Ask HN: Avoiding techical debt - uptownhr

I saw a another ask hn post today regarding technical debt and I wanted to ask this.<p>If technical debt is a big deal, KISS should be the most important decision. Let me elaborate.<p>Even before writing a single line of code, chosing the frameworks and or introducing a framework to you application stack is a big decision. For example, does your web app need a frontend rendering framework?<p>If there is a single engineer, he will be the devops, backend dev, and frontend dev. Even if the dev is familiar with angular or react, the simple introduction of such a framework is an immediate take on a debt. This is one way too look at it.<p>Do you just write the so called jquery spaghetti code that people frown upon so kuch these days? Or is writing jquery code more of a technical debt?<p>As a startup, do you slowly incur debt or immediately take on lump sum with more frameworks, betting that it will pay off.
======
thwarted
Recognizing, managing, curating, and killing technical debt is something that
only comes with experience.

It's all about trade offs, and trade offs are informed by the environment they
are in. When it's early and getting an MVP and revenue is important, you need
to go with what you're comfortable with and have significant experience in. To
do otherwise is going to distract you from the area you still need to explore
and become an expert in: the business logic.
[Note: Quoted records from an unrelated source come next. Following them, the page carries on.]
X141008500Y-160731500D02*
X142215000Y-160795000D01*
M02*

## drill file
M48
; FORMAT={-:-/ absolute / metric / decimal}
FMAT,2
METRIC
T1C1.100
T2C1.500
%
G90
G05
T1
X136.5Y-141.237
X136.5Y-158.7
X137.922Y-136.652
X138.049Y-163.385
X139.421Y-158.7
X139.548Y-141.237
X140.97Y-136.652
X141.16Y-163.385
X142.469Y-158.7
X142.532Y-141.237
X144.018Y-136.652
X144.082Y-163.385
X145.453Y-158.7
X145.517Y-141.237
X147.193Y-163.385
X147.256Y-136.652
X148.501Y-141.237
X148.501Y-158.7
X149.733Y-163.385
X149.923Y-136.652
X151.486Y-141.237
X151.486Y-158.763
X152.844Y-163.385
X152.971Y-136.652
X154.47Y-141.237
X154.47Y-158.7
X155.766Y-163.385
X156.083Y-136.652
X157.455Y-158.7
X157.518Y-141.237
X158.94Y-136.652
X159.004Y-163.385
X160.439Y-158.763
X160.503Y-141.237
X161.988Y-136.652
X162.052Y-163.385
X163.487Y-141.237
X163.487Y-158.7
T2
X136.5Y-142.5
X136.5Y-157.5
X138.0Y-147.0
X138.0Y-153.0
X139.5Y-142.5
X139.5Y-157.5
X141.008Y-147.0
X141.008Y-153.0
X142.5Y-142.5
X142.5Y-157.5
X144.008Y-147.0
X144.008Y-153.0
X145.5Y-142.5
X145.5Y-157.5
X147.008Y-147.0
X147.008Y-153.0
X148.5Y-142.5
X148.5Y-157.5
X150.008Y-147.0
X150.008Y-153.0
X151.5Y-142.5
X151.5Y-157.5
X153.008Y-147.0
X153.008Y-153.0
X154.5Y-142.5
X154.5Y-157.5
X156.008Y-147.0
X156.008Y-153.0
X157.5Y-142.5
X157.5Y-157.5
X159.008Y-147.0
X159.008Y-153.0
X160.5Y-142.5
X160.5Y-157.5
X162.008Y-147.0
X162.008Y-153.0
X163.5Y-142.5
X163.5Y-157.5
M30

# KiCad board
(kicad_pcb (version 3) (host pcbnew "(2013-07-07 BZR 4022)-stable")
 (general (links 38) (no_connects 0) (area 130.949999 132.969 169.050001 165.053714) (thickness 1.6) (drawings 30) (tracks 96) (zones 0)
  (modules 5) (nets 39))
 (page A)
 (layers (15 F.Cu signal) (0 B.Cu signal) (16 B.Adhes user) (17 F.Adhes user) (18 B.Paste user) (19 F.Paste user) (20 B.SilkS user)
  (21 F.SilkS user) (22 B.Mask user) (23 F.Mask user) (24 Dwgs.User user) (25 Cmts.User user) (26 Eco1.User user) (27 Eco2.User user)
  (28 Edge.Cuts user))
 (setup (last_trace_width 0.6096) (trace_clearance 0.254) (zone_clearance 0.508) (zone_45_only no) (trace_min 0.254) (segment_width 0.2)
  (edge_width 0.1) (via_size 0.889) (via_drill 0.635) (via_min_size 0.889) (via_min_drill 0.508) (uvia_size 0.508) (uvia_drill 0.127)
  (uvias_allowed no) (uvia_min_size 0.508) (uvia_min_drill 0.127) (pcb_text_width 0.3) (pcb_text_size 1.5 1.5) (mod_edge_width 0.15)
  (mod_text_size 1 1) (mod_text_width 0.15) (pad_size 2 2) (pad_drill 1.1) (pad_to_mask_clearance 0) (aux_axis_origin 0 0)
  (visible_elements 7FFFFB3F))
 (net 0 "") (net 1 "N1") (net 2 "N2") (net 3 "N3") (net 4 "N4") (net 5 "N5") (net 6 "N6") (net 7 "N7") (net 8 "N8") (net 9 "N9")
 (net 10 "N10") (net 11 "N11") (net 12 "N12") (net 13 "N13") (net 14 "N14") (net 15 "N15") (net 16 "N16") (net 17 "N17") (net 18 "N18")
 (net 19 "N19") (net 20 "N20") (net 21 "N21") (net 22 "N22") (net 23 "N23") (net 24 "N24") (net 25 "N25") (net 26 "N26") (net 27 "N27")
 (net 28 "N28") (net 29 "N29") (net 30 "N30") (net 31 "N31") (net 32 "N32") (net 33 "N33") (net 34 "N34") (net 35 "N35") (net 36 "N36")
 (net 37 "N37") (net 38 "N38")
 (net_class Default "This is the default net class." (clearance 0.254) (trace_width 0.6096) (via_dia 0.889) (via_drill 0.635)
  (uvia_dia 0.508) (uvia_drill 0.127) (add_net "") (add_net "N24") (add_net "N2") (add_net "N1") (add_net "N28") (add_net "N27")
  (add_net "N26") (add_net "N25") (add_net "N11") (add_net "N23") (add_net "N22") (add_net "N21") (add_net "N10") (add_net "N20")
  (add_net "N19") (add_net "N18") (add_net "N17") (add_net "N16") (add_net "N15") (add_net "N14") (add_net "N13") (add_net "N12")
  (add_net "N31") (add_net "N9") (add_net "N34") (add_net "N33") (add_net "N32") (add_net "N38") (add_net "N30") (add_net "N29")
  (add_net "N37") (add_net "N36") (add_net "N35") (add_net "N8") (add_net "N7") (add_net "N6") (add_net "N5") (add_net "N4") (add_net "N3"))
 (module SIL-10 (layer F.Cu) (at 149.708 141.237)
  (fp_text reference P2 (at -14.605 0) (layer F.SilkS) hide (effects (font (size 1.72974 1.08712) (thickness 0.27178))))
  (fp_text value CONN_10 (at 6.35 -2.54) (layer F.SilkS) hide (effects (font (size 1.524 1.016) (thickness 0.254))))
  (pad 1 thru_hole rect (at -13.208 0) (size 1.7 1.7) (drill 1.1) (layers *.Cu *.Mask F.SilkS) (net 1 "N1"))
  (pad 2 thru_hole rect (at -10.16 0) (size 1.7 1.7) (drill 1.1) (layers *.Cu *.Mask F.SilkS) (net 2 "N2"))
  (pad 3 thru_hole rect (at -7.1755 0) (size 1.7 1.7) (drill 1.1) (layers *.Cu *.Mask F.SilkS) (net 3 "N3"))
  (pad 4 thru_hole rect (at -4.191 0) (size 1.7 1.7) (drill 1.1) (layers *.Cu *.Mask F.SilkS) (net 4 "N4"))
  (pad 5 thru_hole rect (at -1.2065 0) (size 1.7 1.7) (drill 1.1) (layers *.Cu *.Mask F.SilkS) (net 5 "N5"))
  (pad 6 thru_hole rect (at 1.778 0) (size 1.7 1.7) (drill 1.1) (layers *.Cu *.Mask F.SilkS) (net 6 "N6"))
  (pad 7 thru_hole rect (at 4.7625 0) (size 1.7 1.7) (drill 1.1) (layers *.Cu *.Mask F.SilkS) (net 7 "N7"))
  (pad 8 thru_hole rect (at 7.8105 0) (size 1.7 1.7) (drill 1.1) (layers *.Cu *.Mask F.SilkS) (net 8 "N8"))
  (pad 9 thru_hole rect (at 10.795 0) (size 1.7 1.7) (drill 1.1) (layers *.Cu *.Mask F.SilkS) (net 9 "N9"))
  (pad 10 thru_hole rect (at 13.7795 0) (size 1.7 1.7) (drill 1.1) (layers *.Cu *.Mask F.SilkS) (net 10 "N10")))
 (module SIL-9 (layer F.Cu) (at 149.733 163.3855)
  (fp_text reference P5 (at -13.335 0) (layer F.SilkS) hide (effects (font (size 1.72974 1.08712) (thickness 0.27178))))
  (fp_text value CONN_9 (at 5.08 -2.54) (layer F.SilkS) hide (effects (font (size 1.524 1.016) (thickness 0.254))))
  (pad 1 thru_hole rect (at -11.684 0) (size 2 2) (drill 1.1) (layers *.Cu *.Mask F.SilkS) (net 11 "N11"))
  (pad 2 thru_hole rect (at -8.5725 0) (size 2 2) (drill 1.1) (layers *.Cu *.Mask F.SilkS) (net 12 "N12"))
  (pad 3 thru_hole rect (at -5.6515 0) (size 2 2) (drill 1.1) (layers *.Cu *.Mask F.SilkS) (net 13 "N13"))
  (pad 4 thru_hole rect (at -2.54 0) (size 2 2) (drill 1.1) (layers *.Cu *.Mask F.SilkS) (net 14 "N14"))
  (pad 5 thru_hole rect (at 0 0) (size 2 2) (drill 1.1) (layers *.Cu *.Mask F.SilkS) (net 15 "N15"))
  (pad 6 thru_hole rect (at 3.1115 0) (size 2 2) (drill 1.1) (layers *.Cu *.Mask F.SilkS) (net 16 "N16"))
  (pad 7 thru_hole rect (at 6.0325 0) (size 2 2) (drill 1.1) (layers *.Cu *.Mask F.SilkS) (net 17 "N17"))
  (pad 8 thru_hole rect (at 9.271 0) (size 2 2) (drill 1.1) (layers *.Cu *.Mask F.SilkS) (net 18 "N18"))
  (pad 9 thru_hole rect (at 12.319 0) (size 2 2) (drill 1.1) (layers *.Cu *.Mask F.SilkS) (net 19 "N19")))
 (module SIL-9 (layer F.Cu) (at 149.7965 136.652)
Really, this is why you'll see startup job postings saying they are looking
for specific languages or frameworks: when they start seriously hiring for the
first time, they need more people to help grow what they already have, no
matter what that is, not people who want to come in and replace it with their
favorite whatever.

There is no one-size-fits-all solution, and few technical debts are exactly
similar. All are multifaceted and look different from different perspectives.
What may be technical debt for one company, group of engineers, or at a
specific time, may not be for another company, group, or time.

Presumably, before writing a single line of code, you aren't approaching the
task totally green: your very idea must have been influenced by your abilities
and experience. You should know if your web app needs a frontend rendering
framework, and you're comfortable with one already or are willing to learn one
in the short term. If you know JSON and are familiar with libraries and
language support for it, don't bother looking at protobuf or thrift or
serialization format du jour.

There will be technical debt, or at least there will be things that you
know/think are technical debt that you wish you could have done differently.
But that's the trade off you make. It's not going to be perfect ("perfect is
the enemy of finished", or whatever that line is). The thing to do is make
sure you're making informed decisions, know the tradeoffs, and that you're
comfortable with them _at that time_. This is the only way to make progress,
and progress is the most important thing, especially early on. Later on,
progress will take on a different definition, which may include evaluating
past decisions and recognizing them as technical debt and fixing them up (aka
creating new technical debt).